[Records from a data collection]
------------------------------------------------

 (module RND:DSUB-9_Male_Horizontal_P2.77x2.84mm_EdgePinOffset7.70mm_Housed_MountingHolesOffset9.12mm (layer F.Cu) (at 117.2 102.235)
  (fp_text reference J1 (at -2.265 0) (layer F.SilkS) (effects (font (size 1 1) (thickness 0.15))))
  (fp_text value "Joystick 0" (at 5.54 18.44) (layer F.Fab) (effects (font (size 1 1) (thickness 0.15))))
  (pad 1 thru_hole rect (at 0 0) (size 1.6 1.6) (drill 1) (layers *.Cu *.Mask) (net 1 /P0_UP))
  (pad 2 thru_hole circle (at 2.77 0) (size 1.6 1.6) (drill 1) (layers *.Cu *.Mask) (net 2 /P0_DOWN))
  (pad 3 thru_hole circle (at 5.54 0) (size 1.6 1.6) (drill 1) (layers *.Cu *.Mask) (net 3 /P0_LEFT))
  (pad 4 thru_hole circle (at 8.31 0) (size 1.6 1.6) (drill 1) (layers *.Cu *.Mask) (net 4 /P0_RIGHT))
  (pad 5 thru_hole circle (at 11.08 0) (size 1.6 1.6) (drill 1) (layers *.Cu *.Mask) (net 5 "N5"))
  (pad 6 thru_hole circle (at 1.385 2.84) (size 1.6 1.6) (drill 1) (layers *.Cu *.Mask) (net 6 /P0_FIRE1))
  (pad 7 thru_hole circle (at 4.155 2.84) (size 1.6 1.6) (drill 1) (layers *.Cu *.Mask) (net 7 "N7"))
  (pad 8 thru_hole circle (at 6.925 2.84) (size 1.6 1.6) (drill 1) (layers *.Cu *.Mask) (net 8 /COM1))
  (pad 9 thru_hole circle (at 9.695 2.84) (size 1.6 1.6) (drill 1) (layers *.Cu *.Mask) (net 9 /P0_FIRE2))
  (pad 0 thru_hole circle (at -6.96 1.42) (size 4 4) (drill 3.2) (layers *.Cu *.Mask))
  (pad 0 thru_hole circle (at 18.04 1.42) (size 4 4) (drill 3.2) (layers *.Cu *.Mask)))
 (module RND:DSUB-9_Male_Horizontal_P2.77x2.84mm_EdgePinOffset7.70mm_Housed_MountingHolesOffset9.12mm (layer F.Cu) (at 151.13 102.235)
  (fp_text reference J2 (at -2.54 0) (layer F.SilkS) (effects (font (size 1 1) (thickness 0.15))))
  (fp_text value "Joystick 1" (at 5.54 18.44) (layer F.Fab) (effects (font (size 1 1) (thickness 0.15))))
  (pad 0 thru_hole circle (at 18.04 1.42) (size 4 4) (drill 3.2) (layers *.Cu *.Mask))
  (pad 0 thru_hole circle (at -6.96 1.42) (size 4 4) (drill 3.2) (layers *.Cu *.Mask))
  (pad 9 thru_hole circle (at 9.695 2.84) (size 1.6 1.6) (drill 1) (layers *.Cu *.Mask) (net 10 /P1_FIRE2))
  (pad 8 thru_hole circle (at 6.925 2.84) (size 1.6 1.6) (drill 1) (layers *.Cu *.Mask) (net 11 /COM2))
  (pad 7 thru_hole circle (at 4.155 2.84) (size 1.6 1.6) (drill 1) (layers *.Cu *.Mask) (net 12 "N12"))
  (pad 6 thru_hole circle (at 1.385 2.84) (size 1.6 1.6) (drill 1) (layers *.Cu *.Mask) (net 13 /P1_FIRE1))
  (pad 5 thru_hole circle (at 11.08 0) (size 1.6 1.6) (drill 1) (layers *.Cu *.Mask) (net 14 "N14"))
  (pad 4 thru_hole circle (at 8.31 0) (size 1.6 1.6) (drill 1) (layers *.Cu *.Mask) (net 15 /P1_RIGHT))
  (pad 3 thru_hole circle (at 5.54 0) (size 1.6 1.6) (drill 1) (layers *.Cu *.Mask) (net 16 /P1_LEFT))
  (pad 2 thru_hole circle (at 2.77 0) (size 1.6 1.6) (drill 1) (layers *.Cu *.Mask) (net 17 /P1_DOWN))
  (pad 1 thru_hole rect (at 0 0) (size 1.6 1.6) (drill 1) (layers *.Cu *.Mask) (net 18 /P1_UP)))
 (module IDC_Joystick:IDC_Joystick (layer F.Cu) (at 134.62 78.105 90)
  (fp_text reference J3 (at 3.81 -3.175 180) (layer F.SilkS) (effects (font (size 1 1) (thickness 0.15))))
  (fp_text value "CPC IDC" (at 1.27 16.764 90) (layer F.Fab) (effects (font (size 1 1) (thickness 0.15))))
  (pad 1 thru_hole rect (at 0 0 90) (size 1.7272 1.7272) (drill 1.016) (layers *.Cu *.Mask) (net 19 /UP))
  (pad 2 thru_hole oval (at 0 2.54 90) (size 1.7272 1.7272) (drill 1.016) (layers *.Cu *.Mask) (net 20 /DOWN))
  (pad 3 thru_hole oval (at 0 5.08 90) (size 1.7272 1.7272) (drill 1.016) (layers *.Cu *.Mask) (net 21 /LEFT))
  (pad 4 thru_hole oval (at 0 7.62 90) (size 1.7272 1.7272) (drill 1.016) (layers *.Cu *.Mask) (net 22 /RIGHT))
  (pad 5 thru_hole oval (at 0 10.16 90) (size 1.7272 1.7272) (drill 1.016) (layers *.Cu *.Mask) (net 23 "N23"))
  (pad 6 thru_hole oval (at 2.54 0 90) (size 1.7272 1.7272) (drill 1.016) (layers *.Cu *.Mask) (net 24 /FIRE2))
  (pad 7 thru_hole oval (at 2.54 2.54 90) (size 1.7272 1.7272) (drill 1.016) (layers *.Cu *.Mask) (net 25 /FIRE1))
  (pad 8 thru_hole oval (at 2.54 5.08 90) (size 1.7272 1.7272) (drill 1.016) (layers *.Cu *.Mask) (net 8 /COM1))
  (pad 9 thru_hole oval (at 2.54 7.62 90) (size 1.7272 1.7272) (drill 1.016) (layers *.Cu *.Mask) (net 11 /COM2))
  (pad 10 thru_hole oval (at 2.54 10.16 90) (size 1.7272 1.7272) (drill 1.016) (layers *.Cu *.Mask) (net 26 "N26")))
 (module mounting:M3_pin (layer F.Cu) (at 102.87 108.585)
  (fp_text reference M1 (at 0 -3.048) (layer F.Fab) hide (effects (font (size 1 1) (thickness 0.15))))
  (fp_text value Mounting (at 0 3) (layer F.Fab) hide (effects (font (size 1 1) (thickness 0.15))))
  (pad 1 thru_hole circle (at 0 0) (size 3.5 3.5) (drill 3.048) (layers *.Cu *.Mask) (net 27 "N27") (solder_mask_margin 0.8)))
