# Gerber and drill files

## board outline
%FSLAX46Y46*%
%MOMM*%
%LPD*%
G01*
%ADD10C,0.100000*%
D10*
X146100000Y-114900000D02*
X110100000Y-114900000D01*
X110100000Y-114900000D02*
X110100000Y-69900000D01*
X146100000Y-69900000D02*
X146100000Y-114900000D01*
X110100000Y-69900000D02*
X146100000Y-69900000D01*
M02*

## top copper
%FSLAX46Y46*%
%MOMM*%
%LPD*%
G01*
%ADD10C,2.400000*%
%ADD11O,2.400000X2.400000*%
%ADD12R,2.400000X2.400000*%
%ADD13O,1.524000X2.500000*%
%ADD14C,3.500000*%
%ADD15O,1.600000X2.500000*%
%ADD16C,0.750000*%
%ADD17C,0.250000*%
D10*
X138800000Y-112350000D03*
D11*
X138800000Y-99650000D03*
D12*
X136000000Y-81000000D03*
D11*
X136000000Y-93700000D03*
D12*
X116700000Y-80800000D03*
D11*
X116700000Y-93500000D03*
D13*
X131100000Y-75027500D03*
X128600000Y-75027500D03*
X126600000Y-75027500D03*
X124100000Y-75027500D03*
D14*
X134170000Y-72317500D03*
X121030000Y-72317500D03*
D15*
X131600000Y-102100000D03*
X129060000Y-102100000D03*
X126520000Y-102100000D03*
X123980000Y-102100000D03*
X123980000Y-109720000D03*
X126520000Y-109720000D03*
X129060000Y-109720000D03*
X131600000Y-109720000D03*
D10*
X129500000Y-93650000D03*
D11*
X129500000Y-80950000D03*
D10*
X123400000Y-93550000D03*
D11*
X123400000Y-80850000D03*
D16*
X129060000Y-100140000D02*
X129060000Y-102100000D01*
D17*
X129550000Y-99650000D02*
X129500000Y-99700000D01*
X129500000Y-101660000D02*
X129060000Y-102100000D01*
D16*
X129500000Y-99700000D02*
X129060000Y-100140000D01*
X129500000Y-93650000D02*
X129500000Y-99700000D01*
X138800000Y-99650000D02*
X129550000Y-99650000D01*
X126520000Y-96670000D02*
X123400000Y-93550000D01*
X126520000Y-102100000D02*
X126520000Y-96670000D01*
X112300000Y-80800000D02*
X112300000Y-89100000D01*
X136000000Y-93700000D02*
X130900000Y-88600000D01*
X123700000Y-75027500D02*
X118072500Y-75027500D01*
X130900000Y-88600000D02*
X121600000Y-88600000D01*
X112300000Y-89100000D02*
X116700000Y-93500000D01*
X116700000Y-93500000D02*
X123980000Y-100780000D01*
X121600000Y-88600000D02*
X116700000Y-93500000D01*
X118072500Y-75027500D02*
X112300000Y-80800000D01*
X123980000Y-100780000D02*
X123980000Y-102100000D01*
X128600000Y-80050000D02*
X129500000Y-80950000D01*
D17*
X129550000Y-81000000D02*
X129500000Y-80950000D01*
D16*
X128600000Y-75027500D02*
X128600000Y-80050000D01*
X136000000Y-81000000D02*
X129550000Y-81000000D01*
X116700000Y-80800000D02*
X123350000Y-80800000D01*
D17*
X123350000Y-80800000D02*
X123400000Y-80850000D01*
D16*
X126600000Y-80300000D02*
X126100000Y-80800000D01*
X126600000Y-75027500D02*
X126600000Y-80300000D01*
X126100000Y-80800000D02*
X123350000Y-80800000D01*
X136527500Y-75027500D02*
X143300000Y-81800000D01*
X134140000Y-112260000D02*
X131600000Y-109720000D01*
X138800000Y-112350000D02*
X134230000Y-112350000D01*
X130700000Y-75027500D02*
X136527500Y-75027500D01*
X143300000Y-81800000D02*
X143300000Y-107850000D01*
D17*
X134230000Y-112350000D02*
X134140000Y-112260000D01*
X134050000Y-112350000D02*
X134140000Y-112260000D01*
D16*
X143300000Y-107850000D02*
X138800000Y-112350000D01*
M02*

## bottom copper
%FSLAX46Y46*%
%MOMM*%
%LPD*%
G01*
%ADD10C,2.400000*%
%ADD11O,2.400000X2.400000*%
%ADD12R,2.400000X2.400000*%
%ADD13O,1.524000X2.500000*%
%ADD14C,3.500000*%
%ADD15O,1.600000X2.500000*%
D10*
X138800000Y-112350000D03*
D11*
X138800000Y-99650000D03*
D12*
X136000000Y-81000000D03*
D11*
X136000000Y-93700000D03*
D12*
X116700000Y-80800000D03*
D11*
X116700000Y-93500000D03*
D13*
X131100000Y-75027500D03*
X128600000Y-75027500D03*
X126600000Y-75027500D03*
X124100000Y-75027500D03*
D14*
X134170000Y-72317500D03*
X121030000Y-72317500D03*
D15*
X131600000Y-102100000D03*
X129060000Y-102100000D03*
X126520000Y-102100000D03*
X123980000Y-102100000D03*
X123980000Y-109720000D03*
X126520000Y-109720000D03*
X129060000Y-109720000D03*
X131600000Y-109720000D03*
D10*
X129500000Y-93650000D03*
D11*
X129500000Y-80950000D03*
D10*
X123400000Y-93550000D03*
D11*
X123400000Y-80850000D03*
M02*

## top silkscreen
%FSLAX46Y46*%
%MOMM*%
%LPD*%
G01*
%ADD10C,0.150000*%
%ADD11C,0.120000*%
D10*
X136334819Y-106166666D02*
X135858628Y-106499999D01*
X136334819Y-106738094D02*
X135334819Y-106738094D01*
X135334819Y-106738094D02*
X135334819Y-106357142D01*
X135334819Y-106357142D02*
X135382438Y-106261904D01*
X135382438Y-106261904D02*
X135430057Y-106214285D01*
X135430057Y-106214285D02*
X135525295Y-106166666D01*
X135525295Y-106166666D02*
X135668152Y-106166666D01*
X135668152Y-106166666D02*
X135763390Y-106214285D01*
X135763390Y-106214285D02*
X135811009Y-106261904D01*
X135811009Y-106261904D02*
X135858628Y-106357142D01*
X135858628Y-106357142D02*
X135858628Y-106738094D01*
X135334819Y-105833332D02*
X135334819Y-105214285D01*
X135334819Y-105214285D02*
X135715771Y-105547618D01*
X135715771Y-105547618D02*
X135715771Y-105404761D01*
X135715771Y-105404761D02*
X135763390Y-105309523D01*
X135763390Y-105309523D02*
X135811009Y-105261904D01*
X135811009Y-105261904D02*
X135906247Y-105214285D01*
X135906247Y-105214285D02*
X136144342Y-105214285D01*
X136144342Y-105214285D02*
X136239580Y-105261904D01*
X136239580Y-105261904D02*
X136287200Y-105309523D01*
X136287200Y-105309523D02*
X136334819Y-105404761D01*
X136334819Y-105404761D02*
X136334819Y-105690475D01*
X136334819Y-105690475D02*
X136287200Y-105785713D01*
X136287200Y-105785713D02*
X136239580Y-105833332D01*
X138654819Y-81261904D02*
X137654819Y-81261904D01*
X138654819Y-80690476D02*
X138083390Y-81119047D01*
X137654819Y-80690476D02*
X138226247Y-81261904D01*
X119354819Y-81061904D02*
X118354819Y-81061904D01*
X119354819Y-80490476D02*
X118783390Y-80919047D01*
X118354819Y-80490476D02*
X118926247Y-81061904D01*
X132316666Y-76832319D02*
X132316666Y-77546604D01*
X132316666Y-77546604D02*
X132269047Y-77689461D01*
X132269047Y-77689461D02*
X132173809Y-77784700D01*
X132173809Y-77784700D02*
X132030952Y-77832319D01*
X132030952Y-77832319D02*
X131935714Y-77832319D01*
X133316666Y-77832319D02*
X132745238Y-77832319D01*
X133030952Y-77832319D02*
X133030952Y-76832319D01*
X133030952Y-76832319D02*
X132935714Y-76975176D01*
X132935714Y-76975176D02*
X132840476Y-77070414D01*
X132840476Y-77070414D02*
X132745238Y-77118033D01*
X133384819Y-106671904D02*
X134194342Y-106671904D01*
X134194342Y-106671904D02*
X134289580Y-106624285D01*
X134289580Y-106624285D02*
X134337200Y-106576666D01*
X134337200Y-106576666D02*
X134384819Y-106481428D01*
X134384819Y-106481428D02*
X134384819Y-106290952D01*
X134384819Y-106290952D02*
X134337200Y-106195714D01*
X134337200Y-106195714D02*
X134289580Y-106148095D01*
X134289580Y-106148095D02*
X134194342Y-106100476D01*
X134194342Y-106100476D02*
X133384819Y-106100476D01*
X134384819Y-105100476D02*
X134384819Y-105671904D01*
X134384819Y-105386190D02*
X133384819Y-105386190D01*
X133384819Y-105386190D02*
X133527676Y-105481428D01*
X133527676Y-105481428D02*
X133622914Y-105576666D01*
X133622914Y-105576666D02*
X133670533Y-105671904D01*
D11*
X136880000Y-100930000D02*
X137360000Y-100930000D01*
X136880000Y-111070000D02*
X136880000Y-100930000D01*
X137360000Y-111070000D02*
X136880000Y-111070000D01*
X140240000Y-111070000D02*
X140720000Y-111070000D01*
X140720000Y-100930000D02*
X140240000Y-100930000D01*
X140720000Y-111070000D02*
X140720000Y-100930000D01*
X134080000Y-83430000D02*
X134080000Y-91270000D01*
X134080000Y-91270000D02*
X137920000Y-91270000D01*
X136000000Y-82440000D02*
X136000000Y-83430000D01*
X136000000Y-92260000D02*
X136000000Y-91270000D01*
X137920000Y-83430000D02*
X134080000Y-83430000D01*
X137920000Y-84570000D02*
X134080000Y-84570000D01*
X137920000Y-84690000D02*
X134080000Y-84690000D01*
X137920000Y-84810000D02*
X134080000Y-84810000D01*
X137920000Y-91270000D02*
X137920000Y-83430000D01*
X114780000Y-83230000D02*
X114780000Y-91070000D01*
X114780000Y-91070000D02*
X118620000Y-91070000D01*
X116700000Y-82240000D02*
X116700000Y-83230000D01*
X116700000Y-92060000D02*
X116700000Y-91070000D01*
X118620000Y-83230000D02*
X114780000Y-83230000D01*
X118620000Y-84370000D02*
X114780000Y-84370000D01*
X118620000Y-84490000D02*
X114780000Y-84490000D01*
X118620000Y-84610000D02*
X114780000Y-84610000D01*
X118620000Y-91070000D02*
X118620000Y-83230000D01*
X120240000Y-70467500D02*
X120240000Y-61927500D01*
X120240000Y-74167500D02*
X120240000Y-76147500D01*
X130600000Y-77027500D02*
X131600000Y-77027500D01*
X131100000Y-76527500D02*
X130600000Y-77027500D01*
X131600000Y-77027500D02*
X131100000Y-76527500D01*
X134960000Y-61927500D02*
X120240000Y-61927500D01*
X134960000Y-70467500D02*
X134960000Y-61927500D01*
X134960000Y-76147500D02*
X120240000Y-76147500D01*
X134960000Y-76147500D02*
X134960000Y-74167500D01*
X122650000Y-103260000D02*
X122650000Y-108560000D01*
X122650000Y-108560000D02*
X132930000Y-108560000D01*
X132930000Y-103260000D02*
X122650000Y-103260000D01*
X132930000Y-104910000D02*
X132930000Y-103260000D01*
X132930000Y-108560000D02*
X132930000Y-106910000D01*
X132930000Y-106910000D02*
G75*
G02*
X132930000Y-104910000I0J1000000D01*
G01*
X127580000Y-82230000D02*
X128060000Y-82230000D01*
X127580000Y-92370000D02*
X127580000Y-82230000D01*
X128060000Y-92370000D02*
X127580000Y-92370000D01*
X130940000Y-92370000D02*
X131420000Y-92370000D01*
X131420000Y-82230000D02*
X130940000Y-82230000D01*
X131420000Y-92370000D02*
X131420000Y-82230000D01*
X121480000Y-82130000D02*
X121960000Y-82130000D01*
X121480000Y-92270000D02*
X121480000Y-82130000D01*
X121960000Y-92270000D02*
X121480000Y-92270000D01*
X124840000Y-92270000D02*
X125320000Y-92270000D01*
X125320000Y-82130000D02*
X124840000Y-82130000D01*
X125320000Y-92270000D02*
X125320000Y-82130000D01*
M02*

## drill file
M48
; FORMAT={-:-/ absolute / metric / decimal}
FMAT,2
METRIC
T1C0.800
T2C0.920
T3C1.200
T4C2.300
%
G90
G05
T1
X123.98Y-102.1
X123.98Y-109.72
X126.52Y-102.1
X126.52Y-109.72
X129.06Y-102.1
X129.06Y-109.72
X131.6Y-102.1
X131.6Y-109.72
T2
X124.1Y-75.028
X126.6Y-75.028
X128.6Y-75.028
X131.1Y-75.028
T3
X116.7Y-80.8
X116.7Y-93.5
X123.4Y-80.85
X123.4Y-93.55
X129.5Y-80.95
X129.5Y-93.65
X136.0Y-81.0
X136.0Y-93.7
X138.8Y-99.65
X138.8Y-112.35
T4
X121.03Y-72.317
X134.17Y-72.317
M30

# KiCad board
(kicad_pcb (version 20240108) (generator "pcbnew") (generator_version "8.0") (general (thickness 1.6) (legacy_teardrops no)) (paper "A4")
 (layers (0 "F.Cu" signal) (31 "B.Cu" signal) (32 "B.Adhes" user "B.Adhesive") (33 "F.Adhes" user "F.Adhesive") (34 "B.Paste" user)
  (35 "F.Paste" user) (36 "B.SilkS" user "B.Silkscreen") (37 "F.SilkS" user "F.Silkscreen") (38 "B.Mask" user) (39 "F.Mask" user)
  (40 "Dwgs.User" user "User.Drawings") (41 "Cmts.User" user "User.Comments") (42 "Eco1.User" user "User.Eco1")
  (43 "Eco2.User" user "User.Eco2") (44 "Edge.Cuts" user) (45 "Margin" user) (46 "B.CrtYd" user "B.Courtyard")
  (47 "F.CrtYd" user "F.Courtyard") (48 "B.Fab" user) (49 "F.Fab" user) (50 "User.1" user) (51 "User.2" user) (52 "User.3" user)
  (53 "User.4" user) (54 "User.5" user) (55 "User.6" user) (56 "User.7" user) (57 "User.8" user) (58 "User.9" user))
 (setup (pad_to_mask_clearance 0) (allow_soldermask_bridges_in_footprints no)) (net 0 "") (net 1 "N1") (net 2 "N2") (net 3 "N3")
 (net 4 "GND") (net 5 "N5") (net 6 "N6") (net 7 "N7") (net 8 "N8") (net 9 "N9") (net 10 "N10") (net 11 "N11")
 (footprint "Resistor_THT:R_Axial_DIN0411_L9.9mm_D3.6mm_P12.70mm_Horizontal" (layer "F.Cu") (at 138.8 112.35 90)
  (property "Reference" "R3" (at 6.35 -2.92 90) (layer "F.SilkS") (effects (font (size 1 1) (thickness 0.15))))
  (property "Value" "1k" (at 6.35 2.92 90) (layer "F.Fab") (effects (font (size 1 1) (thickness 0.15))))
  (fp_line (start 11.42 -1.92) (end 11.42 -1.44) (stroke (width 0.12) (type solid)) (layer "F.SilkS"))
  (fp_line (start 1.28 -1.92) (end 11.42 -1.92) (stroke (width 0.12) (type solid)) (layer "F.SilkS"))
  (fp_line (start 1.28 -1.44) (end 1.28 -1.92) (stroke (width 0.12) (type solid)) (layer "F.SilkS"))
  (fp_line (start 1.28 1.44) (end 1.28 1.92) (stroke (width 0.12) (type solid)) (layer "F.SilkS"))
  (fp_line (start 11.42 1.92) (end 11.42 1.44) (stroke (width 0.12) (type solid)) (layer "F.SilkS"))
  (fp_line (start 1.28 1.92) (end 11.42 1.92) (stroke (width 0.12) (type solid)) (layer "F.SilkS"))
  (pad "1" thru_hole circle (at 0 0 90) (size 2.4 2.4) (drill 1.2) (layers "*.Cu" "*.Mask") (remove_unused_layers no) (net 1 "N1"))
  (pad "2" thru_hole oval (at 12.7 0 90) (size 2.4 2.4) (drill 1.2) (layers "*.Cu" "*.Mask") (remove_unused_layers no) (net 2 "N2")))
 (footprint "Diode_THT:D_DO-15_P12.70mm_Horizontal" (layer "F.Cu") (at 136 81 -90)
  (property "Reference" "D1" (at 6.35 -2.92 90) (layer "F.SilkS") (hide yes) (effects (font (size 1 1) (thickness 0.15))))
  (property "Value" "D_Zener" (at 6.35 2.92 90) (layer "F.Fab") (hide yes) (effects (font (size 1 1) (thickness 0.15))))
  (fp_line (start 2.43 1.92) (end 10.27 1.92) (stroke (width 0.12) (type solid)) (layer "F.SilkS"))
  (fp_line (start 10.27 1.92) (end 10.27 -1.92) (stroke (width 0.12) (type solid)) (layer "F.SilkS"))
  (fp_line (start 1.44 0) (end 2.43 0) (stroke (width 0.12) (type solid)) (layer "F.SilkS"))
  (fp_line (start 11.26 0) (end 10.27 0) (stroke (width 0.12) (type solid)) (layer "F.SilkS"))
  (fp_line (start 2.43 -1.92) (end 2.43 1.92) (stroke (width 0.12) (type solid)) (layer "F.SilkS"))
  (fp_line (start 3.57 -1.92) (end 3.57 1.92) (stroke (width 0.12) (type solid)) (layer "F.SilkS"))
  (fp_line (start 3.69 -1.92) (end 3.69 1.92) (stroke (width 0.12) (type solid)) (layer "F.SilkS"))
  (fp_line (start 3.81 -1.92) (end 3.81 1.92) (stroke (width 0.12) (type solid)) (layer "F.SilkS"))
  (fp_line (start 10.27 -1.92) (end 2.43 -1.92) (stroke (width 0.12) (type solid)) (layer "F.SilkS"))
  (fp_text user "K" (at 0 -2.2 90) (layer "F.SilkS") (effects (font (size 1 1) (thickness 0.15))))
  (pad "1" thru_hole rect (at 0 0 270) (size 2.4 2.4) (drill 1.2) (layers "*.Cu" "*.Mask") (remove_unused_layers no) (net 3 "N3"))
  (pad "2" thru_hole oval (at 12.7 0 270) (size 2.4 2.4) (drill 1.2) (layers "*.Cu" "*.Mask") (remove_unused_layers no) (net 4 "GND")))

------------------------------------------------

What you have to do: Above are the records; copy exactly the lines from the line with "(net 4 /P0_RIGHT))" through the line with "(layers *.Cu *.Mask) (net 5", both included.

Written response:
  (pad 4 thru_hole circle (at 8.31 0) (size 1.6 1.6) (drill 1) (layers *.Cu *.Mask) (net 4 /P0_RIGHT))
  (pad 5 thru_hole circle (at 11.08 0) (size 1.6 1.6) (drill 1) (layers *.Cu *.Mask) (net 5 "N5"))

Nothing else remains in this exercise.